From the first line of the entries below, reproduce everything exactly through the line with "1,1,$1+$1,$6,$7*", and nothing more.

★ ★ ★ ★ ★ ★ ★

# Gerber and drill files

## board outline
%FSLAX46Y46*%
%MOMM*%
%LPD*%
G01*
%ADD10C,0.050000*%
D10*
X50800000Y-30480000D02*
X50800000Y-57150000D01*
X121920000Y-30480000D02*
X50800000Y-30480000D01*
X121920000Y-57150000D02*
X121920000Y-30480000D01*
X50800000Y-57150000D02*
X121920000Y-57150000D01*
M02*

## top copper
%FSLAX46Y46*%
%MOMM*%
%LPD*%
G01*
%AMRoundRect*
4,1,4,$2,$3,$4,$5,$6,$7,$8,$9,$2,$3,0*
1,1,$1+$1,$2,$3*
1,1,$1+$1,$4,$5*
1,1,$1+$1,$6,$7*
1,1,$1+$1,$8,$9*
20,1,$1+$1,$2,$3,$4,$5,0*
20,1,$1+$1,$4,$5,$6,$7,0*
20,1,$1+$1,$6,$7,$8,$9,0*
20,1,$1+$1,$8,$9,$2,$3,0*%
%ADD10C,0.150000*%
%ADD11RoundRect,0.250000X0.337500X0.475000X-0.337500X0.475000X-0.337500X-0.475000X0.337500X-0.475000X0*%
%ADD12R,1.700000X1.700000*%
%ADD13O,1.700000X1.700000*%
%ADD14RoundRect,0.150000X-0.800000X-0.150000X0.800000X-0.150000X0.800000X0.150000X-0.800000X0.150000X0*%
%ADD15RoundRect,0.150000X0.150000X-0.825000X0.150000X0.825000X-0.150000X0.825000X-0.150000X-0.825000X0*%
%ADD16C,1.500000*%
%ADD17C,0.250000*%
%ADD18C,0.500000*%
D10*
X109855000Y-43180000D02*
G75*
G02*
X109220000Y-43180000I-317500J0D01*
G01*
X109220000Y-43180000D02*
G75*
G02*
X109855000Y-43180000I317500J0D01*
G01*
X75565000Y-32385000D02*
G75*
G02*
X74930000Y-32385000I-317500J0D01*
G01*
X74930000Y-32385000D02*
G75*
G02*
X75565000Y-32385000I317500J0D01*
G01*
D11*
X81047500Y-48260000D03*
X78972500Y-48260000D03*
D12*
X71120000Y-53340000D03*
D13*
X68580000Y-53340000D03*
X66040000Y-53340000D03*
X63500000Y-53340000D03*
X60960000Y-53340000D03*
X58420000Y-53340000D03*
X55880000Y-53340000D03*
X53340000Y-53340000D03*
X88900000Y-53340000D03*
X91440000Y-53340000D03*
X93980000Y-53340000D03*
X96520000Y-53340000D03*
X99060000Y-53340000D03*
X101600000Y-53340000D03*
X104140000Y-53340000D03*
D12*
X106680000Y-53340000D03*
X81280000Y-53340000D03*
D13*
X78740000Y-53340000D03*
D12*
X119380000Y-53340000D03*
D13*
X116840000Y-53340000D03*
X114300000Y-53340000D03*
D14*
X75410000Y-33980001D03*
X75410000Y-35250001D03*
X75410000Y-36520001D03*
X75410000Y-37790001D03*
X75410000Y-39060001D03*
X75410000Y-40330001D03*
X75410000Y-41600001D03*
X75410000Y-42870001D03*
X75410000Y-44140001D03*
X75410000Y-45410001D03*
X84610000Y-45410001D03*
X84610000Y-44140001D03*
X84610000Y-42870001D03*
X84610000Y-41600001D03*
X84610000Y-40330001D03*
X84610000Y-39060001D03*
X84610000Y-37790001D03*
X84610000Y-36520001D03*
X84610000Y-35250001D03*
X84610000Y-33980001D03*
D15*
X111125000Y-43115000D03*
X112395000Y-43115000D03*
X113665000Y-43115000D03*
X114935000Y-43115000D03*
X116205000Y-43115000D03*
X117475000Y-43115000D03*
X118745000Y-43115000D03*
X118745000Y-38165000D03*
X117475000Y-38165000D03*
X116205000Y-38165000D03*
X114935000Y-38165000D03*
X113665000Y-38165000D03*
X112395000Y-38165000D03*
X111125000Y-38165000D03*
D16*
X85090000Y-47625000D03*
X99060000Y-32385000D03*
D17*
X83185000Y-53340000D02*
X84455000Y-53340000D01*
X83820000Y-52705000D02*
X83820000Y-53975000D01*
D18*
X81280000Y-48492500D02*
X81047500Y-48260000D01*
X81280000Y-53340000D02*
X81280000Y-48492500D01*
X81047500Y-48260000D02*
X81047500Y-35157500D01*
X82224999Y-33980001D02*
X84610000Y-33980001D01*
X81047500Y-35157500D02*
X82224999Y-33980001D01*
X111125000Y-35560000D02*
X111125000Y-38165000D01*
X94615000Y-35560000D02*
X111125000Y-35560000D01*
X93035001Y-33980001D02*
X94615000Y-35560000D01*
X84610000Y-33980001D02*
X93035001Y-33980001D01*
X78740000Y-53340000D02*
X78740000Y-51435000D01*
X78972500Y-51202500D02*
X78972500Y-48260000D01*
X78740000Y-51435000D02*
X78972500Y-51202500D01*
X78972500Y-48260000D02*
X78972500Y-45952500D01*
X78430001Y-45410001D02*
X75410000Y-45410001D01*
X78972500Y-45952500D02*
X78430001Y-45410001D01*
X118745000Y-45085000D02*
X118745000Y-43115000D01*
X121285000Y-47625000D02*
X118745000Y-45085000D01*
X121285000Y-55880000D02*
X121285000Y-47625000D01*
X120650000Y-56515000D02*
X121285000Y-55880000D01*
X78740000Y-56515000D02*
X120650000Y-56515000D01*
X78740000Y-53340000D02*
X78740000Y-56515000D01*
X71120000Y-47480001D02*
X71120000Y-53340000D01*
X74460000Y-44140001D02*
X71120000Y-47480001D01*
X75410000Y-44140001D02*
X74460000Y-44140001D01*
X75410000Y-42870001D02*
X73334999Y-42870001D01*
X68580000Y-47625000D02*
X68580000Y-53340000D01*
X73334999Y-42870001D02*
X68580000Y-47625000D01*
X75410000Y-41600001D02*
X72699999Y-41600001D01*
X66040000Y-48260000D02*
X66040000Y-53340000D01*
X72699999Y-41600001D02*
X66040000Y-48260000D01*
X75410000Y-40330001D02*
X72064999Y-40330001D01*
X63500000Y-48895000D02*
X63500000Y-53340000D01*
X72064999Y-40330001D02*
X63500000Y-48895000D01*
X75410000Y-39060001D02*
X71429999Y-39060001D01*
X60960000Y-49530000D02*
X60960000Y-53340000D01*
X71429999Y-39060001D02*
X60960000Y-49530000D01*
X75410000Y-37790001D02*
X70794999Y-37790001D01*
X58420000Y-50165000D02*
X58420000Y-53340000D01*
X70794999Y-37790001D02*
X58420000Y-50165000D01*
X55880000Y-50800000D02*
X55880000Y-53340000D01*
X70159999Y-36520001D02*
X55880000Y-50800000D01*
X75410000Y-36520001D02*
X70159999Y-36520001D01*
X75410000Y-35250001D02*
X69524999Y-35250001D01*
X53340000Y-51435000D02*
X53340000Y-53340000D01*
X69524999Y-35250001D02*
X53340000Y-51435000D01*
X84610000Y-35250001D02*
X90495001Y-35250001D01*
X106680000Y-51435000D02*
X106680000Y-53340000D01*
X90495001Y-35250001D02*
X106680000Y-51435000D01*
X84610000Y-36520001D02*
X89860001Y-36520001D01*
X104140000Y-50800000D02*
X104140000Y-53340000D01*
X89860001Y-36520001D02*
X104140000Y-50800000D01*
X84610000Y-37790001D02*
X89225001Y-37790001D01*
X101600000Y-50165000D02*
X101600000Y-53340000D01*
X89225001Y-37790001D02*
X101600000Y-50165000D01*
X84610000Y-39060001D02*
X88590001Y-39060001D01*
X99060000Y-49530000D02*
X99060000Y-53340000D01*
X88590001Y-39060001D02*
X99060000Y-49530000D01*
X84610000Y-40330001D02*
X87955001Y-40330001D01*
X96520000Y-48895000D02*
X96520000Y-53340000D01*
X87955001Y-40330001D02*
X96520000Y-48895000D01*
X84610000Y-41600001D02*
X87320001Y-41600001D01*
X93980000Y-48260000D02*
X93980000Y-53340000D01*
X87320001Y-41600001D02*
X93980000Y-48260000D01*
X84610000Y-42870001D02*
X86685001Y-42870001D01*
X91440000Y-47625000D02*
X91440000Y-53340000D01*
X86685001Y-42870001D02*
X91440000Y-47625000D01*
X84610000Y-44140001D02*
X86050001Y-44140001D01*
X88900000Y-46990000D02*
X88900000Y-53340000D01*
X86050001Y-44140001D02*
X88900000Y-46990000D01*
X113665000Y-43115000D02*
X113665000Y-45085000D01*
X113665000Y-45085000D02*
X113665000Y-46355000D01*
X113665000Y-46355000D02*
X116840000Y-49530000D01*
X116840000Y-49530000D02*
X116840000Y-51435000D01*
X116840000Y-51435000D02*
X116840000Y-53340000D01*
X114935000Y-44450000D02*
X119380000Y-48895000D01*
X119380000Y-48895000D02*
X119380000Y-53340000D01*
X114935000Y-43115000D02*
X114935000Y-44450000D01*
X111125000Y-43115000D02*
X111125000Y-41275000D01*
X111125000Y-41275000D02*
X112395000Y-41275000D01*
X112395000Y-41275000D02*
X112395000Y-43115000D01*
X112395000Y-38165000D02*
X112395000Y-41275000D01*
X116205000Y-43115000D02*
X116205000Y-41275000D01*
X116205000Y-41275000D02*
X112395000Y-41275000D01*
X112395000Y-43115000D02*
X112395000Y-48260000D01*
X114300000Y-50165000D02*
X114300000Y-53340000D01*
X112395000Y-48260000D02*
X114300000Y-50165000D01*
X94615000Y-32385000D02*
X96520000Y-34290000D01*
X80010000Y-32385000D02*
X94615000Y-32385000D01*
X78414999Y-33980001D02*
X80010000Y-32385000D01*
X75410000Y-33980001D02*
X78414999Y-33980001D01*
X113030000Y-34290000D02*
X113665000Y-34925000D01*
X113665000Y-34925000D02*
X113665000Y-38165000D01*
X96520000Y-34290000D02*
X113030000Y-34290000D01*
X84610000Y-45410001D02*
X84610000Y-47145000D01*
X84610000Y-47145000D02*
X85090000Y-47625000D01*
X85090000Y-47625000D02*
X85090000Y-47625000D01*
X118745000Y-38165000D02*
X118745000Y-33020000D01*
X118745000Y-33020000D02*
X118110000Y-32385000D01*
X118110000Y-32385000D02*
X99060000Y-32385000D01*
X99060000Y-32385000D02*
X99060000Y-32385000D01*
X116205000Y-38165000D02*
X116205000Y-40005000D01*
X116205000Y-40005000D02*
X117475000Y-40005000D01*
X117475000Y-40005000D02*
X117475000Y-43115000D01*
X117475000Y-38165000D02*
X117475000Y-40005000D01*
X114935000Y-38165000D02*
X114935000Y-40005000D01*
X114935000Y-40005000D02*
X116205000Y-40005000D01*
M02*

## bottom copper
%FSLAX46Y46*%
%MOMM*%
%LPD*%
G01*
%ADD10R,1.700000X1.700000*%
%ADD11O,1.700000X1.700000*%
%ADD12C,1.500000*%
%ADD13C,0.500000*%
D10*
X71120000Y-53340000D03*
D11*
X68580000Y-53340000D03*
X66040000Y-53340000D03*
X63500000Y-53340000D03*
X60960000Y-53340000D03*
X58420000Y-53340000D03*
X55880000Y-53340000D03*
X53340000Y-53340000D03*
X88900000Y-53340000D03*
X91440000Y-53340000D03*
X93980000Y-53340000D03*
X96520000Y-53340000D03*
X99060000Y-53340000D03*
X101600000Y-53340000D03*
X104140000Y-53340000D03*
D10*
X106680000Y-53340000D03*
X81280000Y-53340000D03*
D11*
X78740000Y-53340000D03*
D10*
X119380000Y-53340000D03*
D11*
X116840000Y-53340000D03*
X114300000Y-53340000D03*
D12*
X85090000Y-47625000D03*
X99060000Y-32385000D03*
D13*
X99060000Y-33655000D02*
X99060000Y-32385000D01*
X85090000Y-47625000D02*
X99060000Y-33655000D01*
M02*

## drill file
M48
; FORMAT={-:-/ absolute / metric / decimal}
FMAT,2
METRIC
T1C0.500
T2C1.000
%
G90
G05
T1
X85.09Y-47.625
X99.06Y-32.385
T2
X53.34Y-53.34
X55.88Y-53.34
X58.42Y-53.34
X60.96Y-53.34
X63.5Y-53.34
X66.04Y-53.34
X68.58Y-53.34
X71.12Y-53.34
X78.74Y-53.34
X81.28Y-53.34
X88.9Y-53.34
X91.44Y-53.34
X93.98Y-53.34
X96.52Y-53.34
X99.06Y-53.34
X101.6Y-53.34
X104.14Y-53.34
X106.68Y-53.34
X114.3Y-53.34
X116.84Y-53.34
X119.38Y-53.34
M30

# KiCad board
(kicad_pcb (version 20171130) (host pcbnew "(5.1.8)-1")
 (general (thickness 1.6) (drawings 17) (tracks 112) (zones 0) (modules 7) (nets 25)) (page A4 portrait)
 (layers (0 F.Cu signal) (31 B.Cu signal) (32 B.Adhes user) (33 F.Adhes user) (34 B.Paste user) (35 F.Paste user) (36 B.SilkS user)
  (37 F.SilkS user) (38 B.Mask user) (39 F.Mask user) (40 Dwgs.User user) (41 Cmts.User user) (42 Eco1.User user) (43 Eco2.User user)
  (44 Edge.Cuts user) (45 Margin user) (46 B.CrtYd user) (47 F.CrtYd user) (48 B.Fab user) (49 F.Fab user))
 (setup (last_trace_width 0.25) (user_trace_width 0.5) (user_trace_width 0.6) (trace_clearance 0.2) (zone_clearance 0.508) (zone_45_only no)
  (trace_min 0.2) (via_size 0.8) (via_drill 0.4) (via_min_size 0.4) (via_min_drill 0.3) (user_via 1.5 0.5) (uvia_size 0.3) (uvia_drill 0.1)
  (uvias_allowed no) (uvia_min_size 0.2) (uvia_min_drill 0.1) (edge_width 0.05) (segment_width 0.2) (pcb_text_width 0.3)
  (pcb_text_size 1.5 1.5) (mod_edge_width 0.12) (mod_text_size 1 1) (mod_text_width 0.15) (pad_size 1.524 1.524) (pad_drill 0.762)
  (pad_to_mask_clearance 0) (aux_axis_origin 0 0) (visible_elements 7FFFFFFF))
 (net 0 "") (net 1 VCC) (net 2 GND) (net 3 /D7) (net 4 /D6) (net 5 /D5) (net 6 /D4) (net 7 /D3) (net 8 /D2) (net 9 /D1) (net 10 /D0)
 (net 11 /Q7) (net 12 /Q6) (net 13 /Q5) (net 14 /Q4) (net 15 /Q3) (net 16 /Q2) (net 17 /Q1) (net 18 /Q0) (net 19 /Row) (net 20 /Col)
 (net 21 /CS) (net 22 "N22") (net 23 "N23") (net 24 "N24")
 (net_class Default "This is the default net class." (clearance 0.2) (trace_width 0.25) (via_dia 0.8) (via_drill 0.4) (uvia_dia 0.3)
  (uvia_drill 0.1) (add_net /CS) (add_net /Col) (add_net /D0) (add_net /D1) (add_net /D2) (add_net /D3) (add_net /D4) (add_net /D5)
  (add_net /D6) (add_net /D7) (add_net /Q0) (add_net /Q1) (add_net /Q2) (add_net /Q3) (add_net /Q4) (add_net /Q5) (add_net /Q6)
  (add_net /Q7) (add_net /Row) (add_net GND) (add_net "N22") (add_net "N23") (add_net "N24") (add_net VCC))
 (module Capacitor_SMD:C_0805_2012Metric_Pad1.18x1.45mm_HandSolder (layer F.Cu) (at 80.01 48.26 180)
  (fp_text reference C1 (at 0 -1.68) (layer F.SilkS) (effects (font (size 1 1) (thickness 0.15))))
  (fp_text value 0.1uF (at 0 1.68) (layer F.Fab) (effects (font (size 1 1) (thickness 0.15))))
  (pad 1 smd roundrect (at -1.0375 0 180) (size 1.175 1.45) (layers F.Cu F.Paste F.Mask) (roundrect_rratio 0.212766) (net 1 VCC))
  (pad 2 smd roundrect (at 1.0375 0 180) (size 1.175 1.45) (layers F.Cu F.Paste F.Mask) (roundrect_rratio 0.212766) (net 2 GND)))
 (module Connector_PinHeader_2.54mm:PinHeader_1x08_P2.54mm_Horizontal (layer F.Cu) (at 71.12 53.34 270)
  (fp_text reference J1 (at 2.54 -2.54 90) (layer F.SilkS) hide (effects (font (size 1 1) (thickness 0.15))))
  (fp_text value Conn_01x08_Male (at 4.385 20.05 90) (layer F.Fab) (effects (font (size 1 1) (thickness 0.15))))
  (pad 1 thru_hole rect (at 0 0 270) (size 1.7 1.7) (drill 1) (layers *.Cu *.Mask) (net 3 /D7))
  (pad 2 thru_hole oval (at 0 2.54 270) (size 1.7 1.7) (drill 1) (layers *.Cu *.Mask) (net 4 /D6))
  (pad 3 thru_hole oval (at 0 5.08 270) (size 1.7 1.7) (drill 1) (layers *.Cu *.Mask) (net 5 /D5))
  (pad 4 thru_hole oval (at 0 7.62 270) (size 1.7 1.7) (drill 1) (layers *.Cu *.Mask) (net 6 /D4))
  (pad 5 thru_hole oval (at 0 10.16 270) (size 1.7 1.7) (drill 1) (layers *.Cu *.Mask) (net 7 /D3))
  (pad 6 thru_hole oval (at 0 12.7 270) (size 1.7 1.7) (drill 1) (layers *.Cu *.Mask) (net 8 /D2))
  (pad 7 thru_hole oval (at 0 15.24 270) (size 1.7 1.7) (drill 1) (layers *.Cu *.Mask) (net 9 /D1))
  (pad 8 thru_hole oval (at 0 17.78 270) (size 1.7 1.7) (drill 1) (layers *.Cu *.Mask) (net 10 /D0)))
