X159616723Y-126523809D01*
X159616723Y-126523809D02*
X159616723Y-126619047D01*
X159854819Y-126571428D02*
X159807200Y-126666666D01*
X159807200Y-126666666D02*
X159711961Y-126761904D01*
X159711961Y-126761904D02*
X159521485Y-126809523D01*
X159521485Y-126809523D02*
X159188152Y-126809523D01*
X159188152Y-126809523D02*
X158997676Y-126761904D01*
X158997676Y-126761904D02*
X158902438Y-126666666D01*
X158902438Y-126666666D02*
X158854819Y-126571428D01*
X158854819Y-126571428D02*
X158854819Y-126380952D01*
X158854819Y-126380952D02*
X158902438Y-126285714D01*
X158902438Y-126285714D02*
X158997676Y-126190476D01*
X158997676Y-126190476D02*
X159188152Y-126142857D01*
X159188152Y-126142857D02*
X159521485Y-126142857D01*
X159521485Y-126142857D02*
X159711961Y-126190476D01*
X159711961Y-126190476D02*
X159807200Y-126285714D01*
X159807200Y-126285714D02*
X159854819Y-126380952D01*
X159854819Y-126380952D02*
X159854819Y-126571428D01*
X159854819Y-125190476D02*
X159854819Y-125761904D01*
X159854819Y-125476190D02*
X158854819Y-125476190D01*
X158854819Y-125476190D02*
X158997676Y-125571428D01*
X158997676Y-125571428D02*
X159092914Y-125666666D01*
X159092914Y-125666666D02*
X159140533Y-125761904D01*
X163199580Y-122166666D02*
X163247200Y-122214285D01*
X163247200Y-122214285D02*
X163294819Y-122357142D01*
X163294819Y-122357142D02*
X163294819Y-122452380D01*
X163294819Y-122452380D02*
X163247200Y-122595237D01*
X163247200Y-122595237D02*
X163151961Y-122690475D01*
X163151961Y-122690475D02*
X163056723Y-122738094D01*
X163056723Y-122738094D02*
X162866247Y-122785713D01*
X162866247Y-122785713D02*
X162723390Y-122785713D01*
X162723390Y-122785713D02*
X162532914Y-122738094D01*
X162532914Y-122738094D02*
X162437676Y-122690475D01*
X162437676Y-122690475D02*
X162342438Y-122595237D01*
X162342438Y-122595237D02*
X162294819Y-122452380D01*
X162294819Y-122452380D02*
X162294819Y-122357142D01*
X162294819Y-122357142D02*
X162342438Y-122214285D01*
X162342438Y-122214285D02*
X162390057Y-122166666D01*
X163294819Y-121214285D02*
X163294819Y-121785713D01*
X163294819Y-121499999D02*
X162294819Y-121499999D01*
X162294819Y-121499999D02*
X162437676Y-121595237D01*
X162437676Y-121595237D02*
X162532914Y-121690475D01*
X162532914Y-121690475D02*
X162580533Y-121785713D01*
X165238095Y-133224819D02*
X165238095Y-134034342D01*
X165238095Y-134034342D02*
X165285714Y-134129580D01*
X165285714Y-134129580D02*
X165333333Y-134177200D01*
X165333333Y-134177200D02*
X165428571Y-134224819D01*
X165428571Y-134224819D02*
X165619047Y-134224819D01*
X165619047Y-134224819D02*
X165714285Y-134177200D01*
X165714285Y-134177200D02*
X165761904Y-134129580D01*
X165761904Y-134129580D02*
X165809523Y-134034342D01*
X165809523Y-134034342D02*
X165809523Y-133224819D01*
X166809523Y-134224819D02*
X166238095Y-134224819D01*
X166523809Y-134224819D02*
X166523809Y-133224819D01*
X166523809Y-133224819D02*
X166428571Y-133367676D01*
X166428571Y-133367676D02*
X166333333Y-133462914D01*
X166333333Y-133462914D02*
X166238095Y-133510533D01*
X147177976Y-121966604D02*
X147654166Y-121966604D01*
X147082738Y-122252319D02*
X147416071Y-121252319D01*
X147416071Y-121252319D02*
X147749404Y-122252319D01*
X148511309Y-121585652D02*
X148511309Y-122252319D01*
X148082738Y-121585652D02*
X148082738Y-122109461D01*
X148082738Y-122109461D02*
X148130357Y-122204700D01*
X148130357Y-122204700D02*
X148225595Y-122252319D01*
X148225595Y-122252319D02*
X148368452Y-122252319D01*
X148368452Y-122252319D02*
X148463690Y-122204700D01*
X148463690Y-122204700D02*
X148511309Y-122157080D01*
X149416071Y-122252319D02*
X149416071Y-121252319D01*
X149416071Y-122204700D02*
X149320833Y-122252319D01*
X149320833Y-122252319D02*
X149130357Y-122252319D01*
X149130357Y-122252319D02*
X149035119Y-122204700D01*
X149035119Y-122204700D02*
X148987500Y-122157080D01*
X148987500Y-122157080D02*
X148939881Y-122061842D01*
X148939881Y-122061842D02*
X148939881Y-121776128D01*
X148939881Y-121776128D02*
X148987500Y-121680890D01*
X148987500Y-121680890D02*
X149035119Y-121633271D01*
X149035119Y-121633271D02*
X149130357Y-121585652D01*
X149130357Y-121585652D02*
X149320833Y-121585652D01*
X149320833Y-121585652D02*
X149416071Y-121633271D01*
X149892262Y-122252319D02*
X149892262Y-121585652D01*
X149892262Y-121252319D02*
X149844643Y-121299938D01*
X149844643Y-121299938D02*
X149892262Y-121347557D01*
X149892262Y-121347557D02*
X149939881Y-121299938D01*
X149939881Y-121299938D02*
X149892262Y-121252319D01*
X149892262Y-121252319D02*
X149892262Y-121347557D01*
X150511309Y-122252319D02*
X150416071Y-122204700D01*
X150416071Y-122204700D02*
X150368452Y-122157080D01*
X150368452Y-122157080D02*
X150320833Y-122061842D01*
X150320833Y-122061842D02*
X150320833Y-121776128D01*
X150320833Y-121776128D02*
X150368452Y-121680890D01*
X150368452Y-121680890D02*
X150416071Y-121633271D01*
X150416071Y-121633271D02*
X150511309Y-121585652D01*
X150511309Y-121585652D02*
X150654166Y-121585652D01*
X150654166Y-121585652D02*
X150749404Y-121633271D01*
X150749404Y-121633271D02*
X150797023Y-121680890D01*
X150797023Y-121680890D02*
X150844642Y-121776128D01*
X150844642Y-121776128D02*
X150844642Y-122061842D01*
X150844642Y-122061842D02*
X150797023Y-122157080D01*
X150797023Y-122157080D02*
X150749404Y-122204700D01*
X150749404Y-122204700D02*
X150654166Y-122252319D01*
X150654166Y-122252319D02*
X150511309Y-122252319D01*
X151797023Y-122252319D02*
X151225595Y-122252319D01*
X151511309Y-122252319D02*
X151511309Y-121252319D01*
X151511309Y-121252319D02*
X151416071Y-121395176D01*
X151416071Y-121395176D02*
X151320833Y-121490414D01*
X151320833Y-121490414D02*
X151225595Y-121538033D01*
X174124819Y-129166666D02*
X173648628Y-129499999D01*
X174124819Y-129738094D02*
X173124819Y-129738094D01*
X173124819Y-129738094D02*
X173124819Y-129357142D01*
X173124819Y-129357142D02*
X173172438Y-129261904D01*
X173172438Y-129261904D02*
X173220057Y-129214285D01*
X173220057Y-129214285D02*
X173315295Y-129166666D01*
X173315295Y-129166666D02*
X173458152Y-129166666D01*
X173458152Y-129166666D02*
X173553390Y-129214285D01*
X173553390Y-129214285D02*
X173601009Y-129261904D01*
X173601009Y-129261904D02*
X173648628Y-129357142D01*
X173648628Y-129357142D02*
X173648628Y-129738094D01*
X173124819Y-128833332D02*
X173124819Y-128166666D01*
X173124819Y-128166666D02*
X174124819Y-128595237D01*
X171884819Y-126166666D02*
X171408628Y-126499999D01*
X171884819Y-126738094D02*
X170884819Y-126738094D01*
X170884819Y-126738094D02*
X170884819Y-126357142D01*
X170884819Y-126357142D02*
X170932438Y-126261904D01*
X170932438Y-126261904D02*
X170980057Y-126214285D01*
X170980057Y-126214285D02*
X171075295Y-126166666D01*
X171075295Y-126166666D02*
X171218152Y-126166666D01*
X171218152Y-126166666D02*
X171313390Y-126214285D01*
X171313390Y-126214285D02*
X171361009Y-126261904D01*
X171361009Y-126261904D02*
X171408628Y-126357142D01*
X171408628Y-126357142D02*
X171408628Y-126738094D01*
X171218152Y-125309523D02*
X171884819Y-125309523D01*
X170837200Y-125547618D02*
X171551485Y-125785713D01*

★ ★ ★ ★ ★ ★ ★

§ **Response area**
# Gerber and drill files

## board outline
%FSLAX46Y46*%
%MOMM*%
%LPD*%
G01*
%ADD10C,0.050000*%
D10*
X50800000Y-30480000D02*
X50800000Y-57150000D01*
X121920000Y-30480000D02*
X50800000Y-30480000D01*
X121920000Y-57150000D02*
X121920000Y-30480000D01*
X50800000Y-57150000D02*
X121920000Y-57150000D01*
M02*

## top copper
%FSLAX46Y46*%
%MOMM*%
%LPD*%
G01*
%AMRoundRect*
4,1,4,$2,$3,$4,$5,$6,$7,$8,$9,$2,$3,0*
1,1,$1+$1,$2,$3*
1,1,$1+$1,$4,$5*
1,1,$1+$1,$6,$7*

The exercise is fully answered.